Go through the listing below and output exactly the line with "X123395957Y-94127246D01*", the line with "X125385592Y-94670405D01*", and each line between; omit the rest.

[Start of section]

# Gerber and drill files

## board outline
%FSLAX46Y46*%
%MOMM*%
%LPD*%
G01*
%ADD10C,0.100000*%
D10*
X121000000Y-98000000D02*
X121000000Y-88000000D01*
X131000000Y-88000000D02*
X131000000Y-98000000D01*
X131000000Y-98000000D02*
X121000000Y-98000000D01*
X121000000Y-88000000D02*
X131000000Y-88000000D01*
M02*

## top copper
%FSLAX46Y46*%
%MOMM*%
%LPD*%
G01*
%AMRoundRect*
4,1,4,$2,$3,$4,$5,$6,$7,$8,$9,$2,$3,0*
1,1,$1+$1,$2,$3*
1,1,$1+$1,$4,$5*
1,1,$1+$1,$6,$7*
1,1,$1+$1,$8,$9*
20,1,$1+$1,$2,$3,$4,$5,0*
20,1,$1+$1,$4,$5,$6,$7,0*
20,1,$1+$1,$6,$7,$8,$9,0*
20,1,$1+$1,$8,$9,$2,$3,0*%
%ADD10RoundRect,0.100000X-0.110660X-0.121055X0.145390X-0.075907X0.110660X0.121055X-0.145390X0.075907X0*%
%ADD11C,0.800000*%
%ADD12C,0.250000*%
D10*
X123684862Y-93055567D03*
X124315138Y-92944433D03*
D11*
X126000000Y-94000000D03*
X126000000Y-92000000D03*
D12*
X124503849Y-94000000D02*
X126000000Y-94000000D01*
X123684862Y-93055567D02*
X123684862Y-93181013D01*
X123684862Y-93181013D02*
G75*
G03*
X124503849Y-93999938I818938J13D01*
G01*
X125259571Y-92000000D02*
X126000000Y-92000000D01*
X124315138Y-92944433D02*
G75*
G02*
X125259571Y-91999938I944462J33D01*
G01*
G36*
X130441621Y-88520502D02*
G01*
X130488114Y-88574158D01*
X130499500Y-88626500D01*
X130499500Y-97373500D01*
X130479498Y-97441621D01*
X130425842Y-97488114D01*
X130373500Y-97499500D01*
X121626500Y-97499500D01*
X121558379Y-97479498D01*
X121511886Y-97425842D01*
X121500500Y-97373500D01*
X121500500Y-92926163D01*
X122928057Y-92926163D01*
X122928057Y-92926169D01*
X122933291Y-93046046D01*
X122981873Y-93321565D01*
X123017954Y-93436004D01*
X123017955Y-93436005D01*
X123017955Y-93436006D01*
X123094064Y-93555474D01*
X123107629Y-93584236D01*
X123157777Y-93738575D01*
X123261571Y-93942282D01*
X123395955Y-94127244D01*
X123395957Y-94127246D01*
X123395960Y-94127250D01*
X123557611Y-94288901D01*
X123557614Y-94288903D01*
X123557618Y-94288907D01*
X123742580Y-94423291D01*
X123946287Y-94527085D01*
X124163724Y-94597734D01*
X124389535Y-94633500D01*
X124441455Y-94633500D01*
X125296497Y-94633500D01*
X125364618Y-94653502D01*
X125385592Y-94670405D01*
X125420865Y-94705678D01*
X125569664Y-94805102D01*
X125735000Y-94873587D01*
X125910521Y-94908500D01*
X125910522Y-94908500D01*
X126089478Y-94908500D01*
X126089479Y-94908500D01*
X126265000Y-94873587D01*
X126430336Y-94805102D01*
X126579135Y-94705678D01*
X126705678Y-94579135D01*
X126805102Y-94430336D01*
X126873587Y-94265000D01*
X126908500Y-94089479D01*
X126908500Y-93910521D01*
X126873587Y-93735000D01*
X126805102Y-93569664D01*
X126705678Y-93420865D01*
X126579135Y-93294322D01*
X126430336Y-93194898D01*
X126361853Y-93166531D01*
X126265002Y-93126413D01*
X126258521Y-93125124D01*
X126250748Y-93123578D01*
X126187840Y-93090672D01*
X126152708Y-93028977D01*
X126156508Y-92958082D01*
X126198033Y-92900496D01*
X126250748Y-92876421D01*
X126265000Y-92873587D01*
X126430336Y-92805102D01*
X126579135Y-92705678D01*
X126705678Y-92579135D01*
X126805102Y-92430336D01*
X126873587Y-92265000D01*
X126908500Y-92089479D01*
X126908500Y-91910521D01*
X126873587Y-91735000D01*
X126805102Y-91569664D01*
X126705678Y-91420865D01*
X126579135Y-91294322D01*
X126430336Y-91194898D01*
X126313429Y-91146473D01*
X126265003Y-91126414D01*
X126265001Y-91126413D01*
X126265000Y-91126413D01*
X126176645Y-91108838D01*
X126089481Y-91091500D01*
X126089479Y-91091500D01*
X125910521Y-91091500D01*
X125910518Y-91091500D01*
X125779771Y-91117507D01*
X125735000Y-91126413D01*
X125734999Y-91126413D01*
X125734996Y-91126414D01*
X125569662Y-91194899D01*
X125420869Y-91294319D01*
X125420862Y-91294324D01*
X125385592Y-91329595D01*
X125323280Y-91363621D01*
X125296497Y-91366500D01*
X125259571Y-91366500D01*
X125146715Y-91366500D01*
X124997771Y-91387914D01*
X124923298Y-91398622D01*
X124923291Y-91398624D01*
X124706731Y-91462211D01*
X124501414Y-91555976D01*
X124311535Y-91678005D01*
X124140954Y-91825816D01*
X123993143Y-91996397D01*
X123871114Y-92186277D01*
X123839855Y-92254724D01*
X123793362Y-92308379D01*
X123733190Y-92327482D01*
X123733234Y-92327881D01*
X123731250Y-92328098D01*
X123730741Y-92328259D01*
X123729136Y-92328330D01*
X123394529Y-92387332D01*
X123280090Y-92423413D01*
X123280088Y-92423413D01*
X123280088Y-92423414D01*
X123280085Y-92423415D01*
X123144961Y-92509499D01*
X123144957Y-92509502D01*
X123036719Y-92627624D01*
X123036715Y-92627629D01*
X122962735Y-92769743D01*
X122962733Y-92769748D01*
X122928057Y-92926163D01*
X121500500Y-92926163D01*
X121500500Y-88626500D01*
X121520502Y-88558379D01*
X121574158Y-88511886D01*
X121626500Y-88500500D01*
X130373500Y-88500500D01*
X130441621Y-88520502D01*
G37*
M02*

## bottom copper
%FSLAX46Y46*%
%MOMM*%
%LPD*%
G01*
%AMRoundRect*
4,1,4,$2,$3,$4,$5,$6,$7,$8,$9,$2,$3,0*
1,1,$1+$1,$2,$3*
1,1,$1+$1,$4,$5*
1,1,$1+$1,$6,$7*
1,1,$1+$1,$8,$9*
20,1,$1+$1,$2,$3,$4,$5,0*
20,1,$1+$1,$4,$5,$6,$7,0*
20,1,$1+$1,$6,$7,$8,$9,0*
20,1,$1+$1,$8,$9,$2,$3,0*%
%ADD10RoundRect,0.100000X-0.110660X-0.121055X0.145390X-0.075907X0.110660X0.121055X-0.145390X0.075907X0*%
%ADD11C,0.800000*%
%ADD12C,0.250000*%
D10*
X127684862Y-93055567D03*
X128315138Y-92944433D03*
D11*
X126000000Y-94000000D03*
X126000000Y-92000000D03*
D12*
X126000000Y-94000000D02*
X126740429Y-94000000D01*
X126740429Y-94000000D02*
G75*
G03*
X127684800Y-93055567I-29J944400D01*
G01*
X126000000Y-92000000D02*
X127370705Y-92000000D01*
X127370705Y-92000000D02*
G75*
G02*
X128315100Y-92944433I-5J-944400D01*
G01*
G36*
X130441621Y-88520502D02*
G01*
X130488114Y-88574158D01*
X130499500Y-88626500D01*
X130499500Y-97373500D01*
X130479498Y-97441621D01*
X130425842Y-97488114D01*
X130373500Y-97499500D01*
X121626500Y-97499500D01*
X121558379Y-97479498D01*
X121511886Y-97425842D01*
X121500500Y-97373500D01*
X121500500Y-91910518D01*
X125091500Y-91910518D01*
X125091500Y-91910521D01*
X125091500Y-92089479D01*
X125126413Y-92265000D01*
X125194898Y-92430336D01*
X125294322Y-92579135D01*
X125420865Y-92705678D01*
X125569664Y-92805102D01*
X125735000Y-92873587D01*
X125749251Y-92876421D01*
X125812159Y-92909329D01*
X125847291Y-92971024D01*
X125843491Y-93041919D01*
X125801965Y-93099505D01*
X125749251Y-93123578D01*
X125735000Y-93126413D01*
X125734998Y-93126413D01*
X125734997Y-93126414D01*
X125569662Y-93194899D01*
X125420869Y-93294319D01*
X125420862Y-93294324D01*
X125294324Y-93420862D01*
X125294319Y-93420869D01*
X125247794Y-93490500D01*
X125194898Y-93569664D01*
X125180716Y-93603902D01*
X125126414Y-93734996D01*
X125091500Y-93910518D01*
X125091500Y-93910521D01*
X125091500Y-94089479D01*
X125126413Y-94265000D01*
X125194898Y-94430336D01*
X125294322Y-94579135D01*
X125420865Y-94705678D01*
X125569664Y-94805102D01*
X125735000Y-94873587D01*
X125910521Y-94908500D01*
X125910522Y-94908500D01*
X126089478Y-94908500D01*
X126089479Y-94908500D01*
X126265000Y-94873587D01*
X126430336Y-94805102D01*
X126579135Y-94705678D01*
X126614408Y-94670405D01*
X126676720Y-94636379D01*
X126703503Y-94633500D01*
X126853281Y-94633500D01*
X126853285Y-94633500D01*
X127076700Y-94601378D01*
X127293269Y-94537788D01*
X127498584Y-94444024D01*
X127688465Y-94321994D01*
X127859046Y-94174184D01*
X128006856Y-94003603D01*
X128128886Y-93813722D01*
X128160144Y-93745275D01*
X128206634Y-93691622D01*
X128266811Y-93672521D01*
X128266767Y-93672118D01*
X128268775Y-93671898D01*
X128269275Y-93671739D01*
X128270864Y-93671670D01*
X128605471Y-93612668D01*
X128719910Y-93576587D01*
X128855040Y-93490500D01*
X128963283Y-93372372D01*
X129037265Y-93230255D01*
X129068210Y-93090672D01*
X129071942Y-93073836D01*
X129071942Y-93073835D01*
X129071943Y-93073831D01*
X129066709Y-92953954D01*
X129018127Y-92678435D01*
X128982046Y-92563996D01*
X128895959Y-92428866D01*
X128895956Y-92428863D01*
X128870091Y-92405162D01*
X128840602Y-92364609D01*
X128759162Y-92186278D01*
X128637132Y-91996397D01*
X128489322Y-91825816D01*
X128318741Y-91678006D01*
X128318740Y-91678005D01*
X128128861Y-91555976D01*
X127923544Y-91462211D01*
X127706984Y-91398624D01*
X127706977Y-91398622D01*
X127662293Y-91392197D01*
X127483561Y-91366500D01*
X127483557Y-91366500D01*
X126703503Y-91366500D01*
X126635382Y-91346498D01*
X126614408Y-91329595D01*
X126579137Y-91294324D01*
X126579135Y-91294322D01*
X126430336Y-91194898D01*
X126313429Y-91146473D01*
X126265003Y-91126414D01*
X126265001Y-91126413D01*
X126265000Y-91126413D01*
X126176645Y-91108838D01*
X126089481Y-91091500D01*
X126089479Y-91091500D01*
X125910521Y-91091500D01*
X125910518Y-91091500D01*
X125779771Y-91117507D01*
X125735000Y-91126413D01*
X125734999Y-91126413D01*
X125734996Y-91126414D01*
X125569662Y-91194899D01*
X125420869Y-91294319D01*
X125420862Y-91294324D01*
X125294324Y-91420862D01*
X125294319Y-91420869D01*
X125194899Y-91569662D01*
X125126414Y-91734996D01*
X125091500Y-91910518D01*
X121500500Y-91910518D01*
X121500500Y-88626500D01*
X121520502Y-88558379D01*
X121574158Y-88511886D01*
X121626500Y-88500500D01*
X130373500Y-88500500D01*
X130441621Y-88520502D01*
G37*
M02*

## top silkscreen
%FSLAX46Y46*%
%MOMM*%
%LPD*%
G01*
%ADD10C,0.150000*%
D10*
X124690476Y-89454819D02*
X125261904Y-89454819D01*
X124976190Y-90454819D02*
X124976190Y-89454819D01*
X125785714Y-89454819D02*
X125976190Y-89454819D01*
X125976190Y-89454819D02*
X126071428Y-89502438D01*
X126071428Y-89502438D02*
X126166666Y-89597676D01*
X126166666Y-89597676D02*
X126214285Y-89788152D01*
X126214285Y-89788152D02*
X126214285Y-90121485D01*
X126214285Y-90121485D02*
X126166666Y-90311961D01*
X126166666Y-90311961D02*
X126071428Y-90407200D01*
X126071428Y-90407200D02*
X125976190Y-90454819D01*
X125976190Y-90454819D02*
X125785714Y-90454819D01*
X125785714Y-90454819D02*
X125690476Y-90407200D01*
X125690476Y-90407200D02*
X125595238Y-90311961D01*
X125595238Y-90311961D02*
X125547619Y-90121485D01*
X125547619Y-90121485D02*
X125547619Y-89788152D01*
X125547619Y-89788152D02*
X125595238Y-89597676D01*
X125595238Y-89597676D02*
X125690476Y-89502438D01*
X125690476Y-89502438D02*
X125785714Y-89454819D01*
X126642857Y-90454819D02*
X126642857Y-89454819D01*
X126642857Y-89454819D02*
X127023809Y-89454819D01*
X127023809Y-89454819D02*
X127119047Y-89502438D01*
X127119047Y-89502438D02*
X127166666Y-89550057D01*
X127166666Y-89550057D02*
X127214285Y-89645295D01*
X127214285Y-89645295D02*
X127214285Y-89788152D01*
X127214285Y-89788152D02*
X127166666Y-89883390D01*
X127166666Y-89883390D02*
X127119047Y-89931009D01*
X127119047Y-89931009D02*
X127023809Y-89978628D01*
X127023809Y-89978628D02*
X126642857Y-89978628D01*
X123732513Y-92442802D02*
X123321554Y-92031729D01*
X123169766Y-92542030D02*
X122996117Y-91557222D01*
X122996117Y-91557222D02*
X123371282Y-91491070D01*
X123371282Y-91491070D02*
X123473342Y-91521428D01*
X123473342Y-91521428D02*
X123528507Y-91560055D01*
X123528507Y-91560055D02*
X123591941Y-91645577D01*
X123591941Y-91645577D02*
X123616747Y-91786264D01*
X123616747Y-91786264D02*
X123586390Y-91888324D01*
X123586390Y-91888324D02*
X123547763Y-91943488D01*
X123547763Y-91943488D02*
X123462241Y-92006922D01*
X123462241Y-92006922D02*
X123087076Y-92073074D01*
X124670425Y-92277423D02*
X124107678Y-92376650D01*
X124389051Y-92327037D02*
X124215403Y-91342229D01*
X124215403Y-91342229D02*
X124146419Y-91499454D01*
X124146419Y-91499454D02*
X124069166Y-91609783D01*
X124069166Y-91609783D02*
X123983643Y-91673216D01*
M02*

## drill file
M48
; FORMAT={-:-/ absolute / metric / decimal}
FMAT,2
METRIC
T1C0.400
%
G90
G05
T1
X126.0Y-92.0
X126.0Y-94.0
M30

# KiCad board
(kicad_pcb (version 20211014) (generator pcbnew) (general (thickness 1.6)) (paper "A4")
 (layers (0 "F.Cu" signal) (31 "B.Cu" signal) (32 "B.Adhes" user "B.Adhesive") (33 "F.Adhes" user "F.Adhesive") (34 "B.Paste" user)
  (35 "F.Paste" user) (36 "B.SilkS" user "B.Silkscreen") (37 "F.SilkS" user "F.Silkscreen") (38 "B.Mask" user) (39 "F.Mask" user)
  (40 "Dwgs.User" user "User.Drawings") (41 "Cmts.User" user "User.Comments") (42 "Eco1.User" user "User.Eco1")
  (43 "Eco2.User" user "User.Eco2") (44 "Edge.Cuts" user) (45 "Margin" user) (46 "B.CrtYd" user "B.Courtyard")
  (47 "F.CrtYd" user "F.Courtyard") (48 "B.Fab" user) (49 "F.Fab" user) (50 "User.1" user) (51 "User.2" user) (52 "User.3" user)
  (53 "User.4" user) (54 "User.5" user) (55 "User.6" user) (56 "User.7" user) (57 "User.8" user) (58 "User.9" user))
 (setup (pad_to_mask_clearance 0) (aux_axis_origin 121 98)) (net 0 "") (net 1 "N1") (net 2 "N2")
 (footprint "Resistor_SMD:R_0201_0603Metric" (layer "F.Cu") (at 124 93 10)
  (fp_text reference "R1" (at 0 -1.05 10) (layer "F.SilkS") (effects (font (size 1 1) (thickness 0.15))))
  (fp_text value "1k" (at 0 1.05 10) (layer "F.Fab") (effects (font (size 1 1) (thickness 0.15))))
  (pad "" smd roundrect (at 0.345 0 10) (size 0.318 0.36) (layers "F.Paste") (roundrect_rratio 0.25))
  (pad "" smd roundrect (at -0.345 0 10) (size 0.318 0.36) (layers "F.Paste") (roundrect_rratio 0.25))
  (pad "1" smd roundrect (at -0.32 0 10) (size 0.46 0.4) (layers "F.Cu" "F.Mask") (roundrect_rratio 0.25) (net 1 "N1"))
  (pad "2" smd roundrect (at 0.32 0 10) (size 0.46 0.4) (layers "F.Cu" "F.Mask") (roundrect_rratio 0.25) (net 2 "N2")))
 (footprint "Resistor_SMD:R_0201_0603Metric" (layer "B.Cu") (at 128 93 10)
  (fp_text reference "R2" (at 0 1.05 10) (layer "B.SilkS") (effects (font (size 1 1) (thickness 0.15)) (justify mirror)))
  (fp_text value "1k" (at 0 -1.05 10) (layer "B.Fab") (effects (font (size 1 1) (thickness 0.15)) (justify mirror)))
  (pad "" smd roundrect (at 0.345 0 10) (size 0.318 0.36) (layers "B.Paste") (roundrect_rratio 0.25))
  (pad "" smd roundrect (at -0.345 0 10) (size 0.318 0.36) (layers "B.Paste") (roundrect_rratio 0.25))
  (pad "1" smd roundrect (at -0.32 0 10) (size 0.46 0.4) (layers "B.Cu" "B.Mask") (roundrect_rratio 0.25) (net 1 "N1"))
  (pad "2" smd roundrect (at 0.32 0 10) (size 0.46 0.4) (layers "B.Cu" "B.Mask") (roundrect_rratio 0.25) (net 2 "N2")))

[End of section]

• **Response below**:
X123395957Y-94127246D01*
X123395960Y-94127250D01*
X123557611Y-94288901D01*
X123557614Y-94288903D01*
X123557618Y-94288907D01*
X123742580Y-94423291D01*
X123946287Y-94527085D01*
X124163724Y-94597734D01*
X124389535Y-94633500D01*
X124441455Y-94633500D01*
X125296497Y-94633500D01*
X125364618Y-94653502D01*
X125385592Y-94670405D01*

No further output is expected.